Exercise prompt
Search the data for the word "Courtyard" and copy each line that has it.

Dataset extract
┌──

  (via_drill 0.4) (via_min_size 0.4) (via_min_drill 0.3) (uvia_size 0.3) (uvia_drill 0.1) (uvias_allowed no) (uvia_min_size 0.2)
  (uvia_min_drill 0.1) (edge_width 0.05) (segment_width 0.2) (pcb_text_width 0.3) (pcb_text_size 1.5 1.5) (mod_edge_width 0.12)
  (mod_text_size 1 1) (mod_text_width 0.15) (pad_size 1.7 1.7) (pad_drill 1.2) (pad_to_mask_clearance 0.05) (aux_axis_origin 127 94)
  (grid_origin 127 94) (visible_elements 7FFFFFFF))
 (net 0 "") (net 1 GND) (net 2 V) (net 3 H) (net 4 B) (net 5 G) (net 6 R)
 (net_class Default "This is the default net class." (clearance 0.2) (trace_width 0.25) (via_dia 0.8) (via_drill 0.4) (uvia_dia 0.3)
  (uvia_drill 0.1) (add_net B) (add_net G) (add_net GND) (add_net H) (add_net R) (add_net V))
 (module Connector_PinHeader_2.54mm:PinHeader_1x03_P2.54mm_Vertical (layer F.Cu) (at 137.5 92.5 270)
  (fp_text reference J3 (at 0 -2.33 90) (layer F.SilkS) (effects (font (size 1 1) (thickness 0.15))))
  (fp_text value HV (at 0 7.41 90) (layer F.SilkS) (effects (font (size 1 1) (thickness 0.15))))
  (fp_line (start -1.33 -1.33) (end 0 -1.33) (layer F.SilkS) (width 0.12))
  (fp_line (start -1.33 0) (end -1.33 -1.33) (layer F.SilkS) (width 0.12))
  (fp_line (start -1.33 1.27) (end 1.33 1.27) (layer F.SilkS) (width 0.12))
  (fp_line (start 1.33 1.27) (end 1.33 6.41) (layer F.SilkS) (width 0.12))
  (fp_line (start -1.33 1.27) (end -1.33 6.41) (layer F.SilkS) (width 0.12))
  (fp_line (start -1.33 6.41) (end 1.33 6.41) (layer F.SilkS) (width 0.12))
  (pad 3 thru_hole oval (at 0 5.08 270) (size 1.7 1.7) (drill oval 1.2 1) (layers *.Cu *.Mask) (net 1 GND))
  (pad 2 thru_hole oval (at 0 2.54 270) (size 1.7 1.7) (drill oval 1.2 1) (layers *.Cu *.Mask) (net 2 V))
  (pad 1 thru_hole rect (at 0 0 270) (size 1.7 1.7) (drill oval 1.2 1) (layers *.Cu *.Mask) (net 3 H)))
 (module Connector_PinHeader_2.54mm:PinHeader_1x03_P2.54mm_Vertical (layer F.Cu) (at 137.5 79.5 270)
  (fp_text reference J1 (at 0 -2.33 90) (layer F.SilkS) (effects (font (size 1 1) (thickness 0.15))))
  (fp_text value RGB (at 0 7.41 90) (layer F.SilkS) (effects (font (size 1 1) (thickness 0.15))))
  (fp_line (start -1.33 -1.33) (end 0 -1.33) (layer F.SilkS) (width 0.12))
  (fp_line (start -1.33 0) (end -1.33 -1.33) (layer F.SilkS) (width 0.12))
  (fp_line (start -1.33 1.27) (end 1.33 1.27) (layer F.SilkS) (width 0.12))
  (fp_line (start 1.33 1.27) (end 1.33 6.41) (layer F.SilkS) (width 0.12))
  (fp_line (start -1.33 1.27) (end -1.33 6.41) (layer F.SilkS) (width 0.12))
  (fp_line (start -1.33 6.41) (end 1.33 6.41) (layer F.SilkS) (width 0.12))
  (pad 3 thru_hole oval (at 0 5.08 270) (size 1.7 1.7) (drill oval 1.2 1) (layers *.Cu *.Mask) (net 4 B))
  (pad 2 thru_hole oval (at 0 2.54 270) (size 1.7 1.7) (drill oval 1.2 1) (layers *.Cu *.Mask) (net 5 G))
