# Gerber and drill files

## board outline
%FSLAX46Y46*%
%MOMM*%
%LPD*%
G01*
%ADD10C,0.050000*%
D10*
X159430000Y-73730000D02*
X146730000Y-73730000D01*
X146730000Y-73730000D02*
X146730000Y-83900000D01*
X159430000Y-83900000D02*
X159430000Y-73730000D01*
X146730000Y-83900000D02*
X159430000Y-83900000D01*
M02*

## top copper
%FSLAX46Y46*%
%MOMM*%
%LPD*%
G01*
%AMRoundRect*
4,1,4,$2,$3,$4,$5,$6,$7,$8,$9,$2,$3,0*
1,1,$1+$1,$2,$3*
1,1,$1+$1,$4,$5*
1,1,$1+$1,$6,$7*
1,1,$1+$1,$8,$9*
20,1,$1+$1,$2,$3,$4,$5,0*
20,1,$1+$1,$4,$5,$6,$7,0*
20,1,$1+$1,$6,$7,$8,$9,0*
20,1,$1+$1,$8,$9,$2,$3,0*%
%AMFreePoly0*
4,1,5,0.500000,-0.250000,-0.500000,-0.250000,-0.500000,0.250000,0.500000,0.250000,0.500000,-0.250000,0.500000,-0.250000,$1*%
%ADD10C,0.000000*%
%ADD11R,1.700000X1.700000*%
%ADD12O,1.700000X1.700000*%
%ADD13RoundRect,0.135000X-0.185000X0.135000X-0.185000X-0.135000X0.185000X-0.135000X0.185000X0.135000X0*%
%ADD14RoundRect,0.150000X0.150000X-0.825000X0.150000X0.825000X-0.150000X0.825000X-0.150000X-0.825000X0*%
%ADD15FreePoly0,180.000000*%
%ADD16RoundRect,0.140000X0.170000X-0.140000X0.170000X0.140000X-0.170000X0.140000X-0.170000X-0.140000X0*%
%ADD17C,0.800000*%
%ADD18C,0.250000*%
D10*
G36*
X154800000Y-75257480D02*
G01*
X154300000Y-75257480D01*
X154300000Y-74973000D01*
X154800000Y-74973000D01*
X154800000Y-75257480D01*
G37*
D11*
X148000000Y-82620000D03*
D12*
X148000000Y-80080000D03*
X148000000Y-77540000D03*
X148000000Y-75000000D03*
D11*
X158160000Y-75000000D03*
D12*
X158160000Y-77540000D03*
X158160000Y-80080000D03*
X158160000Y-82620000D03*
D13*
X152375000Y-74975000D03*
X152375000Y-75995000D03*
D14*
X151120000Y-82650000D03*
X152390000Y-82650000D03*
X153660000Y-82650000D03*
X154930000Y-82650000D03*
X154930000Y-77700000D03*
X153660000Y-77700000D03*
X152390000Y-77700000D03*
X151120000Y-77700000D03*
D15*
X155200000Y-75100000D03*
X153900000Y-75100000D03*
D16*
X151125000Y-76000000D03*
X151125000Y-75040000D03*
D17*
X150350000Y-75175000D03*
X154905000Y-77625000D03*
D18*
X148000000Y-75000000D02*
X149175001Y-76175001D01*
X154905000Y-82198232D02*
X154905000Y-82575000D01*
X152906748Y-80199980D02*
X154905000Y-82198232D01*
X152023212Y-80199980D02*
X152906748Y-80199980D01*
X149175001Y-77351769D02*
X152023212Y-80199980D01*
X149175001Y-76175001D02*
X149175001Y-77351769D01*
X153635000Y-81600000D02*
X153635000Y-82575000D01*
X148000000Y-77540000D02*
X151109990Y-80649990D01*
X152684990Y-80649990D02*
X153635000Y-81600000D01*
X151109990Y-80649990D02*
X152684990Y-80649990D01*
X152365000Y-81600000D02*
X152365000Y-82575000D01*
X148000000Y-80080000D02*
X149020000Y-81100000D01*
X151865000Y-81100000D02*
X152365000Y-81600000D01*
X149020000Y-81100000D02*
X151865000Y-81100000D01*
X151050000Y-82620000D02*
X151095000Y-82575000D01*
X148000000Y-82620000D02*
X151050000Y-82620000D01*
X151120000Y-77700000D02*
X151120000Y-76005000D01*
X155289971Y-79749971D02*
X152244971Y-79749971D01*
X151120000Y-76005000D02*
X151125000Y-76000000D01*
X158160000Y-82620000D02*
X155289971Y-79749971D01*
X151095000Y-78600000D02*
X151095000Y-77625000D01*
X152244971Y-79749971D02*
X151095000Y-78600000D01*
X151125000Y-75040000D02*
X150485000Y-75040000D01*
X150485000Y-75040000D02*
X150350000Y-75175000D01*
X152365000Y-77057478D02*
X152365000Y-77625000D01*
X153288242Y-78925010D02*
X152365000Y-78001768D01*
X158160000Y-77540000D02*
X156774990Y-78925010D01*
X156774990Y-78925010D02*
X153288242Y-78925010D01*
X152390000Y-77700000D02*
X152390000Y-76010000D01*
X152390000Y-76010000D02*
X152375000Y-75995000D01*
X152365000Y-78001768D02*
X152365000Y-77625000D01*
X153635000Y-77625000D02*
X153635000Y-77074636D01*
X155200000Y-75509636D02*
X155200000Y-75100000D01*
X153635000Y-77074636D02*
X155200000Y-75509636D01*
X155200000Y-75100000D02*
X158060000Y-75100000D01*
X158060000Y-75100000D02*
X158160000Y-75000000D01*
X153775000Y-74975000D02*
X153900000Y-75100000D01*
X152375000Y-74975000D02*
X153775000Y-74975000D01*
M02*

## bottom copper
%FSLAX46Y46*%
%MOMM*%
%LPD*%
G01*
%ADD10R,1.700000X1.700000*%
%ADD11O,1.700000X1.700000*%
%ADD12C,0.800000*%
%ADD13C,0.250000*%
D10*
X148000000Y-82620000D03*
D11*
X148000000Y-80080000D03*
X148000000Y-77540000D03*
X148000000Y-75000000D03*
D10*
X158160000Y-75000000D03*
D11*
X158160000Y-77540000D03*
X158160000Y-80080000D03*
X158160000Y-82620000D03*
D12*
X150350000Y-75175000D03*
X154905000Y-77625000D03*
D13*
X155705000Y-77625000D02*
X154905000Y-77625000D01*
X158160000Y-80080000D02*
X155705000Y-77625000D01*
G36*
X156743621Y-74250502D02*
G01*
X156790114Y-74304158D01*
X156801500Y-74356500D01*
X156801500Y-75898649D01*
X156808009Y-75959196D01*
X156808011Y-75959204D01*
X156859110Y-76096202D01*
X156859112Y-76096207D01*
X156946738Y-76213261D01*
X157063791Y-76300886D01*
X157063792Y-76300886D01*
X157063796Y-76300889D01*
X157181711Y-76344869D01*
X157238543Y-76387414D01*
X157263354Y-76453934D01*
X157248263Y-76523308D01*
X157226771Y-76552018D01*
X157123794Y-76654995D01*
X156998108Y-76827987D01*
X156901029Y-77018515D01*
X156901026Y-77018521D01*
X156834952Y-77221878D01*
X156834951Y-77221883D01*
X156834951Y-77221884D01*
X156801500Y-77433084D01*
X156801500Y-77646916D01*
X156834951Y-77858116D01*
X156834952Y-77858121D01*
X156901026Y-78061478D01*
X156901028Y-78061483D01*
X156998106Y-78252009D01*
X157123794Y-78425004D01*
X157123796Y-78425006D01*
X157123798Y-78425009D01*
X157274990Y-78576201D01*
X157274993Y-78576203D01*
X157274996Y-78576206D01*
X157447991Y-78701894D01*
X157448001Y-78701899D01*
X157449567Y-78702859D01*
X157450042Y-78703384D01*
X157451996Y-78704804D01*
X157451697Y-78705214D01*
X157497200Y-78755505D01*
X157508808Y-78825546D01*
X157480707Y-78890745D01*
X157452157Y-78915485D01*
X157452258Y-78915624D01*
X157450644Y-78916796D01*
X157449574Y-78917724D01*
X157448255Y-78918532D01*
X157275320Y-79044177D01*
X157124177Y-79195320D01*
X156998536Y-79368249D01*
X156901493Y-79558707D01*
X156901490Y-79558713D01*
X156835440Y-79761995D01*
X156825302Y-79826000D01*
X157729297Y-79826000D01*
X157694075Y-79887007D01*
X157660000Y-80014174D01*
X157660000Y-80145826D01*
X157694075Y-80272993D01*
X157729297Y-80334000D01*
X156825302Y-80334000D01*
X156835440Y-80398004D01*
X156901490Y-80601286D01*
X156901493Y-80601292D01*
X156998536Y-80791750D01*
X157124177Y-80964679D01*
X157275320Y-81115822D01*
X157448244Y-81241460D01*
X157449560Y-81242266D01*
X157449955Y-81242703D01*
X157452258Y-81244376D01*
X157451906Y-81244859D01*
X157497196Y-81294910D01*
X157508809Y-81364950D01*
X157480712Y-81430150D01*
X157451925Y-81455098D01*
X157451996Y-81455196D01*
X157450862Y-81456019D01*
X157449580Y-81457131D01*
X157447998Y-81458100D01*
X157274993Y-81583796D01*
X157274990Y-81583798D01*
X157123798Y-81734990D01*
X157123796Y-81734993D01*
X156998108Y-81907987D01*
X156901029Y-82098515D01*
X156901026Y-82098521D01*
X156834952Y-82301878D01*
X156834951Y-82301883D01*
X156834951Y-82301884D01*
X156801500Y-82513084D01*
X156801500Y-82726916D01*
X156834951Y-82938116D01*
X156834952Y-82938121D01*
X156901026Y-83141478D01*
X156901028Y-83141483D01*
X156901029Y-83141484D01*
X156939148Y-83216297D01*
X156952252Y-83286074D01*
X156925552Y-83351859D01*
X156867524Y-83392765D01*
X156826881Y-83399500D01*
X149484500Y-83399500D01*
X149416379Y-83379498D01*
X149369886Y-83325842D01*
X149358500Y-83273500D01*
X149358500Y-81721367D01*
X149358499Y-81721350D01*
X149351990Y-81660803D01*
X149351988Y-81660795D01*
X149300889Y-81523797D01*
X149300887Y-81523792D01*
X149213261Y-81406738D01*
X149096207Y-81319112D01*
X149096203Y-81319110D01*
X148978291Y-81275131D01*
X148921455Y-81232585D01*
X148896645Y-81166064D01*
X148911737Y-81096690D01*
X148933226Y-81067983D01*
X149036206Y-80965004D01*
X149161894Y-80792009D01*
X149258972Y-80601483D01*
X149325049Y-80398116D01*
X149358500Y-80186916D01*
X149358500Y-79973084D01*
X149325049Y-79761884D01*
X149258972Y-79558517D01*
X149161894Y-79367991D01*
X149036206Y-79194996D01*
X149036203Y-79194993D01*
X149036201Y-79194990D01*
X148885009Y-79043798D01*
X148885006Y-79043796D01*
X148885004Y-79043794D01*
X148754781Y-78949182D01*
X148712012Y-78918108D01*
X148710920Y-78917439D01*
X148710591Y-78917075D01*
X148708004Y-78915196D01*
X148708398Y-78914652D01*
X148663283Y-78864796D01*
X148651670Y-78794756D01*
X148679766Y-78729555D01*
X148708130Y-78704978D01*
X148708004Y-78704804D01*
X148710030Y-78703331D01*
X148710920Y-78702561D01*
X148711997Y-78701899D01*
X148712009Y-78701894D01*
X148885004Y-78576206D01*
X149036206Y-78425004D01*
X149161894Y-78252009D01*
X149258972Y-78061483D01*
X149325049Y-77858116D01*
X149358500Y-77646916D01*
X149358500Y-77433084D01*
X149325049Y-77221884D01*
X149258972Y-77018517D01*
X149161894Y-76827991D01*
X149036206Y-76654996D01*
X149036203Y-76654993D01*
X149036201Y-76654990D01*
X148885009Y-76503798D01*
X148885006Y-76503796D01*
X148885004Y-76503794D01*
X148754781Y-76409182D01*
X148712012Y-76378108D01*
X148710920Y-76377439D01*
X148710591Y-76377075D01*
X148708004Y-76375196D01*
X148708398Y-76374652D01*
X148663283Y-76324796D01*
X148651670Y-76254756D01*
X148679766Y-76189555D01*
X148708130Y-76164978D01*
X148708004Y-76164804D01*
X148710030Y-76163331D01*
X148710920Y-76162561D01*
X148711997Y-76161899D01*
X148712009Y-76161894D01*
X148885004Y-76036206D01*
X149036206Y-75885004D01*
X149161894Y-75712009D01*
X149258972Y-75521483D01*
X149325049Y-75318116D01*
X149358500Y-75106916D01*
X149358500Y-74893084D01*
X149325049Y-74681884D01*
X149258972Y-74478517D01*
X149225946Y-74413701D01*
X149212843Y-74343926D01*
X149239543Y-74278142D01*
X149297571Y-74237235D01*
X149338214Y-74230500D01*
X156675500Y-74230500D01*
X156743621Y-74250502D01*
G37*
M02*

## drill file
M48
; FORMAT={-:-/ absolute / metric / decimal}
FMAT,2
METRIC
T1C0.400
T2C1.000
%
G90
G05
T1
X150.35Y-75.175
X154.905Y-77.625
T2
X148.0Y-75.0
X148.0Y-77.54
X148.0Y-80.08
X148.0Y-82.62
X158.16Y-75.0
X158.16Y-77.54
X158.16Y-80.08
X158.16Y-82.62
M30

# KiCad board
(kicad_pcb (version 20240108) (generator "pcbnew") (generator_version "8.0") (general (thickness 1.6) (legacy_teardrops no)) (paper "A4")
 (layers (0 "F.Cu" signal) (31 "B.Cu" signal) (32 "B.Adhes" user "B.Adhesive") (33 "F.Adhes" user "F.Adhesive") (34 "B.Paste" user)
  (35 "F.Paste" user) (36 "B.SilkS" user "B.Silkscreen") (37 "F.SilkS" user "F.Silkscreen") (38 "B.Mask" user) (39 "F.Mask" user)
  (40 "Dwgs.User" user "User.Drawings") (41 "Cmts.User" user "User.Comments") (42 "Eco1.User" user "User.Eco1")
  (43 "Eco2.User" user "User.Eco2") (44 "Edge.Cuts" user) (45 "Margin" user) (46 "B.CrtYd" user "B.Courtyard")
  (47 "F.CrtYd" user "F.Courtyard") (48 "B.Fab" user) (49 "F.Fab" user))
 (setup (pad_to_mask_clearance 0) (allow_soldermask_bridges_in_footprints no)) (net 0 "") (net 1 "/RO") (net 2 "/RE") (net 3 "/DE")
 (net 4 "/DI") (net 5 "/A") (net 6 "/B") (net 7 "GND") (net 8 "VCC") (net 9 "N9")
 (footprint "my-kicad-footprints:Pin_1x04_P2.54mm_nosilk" (layer "F.Cu") (at 148 82.62 180)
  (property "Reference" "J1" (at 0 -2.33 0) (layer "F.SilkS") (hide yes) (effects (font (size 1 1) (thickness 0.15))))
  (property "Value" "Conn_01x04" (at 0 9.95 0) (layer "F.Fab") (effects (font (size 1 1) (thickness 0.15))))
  (pad "1" thru_hole rect (at 0 0 180) (size 1.7 1.7) (drill 1) (layers "*.Cu" "*.Mask") (remove_unused_layers no) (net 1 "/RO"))
  (pad "2" thru_hole oval (at 0 2.54 180) (size 1.7 1.7) (drill 1) (layers "*.Cu" "*.Mask") (remove_unused_layers no) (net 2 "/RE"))
  (pad "3" thru_hole oval (at 0 5.08 180) (size 1.7 1.7) (drill 1) (layers "*.Cu" "*.Mask") (remove_unused_layers no) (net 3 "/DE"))
  (pad "4" thru_hole oval (at 0 7.62 180) (size 1.7 1.7) (drill 1) (layers "*.Cu" "*.Mask") (remove_unused_layers no) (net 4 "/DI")))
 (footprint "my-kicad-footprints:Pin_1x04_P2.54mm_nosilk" (layer "F.Cu") (at 158.16 75)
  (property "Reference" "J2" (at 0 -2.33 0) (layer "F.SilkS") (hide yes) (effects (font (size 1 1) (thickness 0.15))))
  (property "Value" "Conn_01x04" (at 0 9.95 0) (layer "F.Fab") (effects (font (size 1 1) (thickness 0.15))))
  (pad "1" thru_hole rect (at 0 0) (size 1.7 1.7) (drill 1) (layers "*.Cu" "*.Mask") (remove_unused_layers no) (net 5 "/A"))
  (pad "2" thru_hole oval (at 0 2.54) (size 1.7 1.7) (drill 1) (layers "*.Cu" "*.Mask") (remove_unused_layers no) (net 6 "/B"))
  (pad "3" thru_hole oval (at 0 5.08) (size 1.7 1.7) (drill 1) (layers "*.Cu" "*.Mask") (remove_unused_layers no) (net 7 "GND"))
  (pad "4" thru_hole oval (at 0 7.62) (size 1.7 1.7) (drill 1) (layers "*.Cu" "*.Mask") (remove_unused_layers no) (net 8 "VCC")))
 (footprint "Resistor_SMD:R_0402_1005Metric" (layer "F.Cu") (at 152.375 75.485 -90)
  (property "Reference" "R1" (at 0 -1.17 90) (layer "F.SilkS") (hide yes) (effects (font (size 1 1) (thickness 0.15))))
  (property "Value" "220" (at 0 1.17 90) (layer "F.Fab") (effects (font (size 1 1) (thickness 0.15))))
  (pad "1" smd roundrect (at -0.51 0 270) (size 0.54 0.64) (layers "F.Cu" "F.Paste" "F.Mask") (roundrect_rratio 0.25) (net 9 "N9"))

└──

Solution
  (43 "Eco2.User" user "User.Eco2") (44 "Edge.Cuts" user) (45 "Margin" user) (46 "B.CrtYd" user "B.Courtyard")
  (47 "F.CrtYd" user "F.Courtyard") (48 "B.Fab" user) (49 "F.Fab" user))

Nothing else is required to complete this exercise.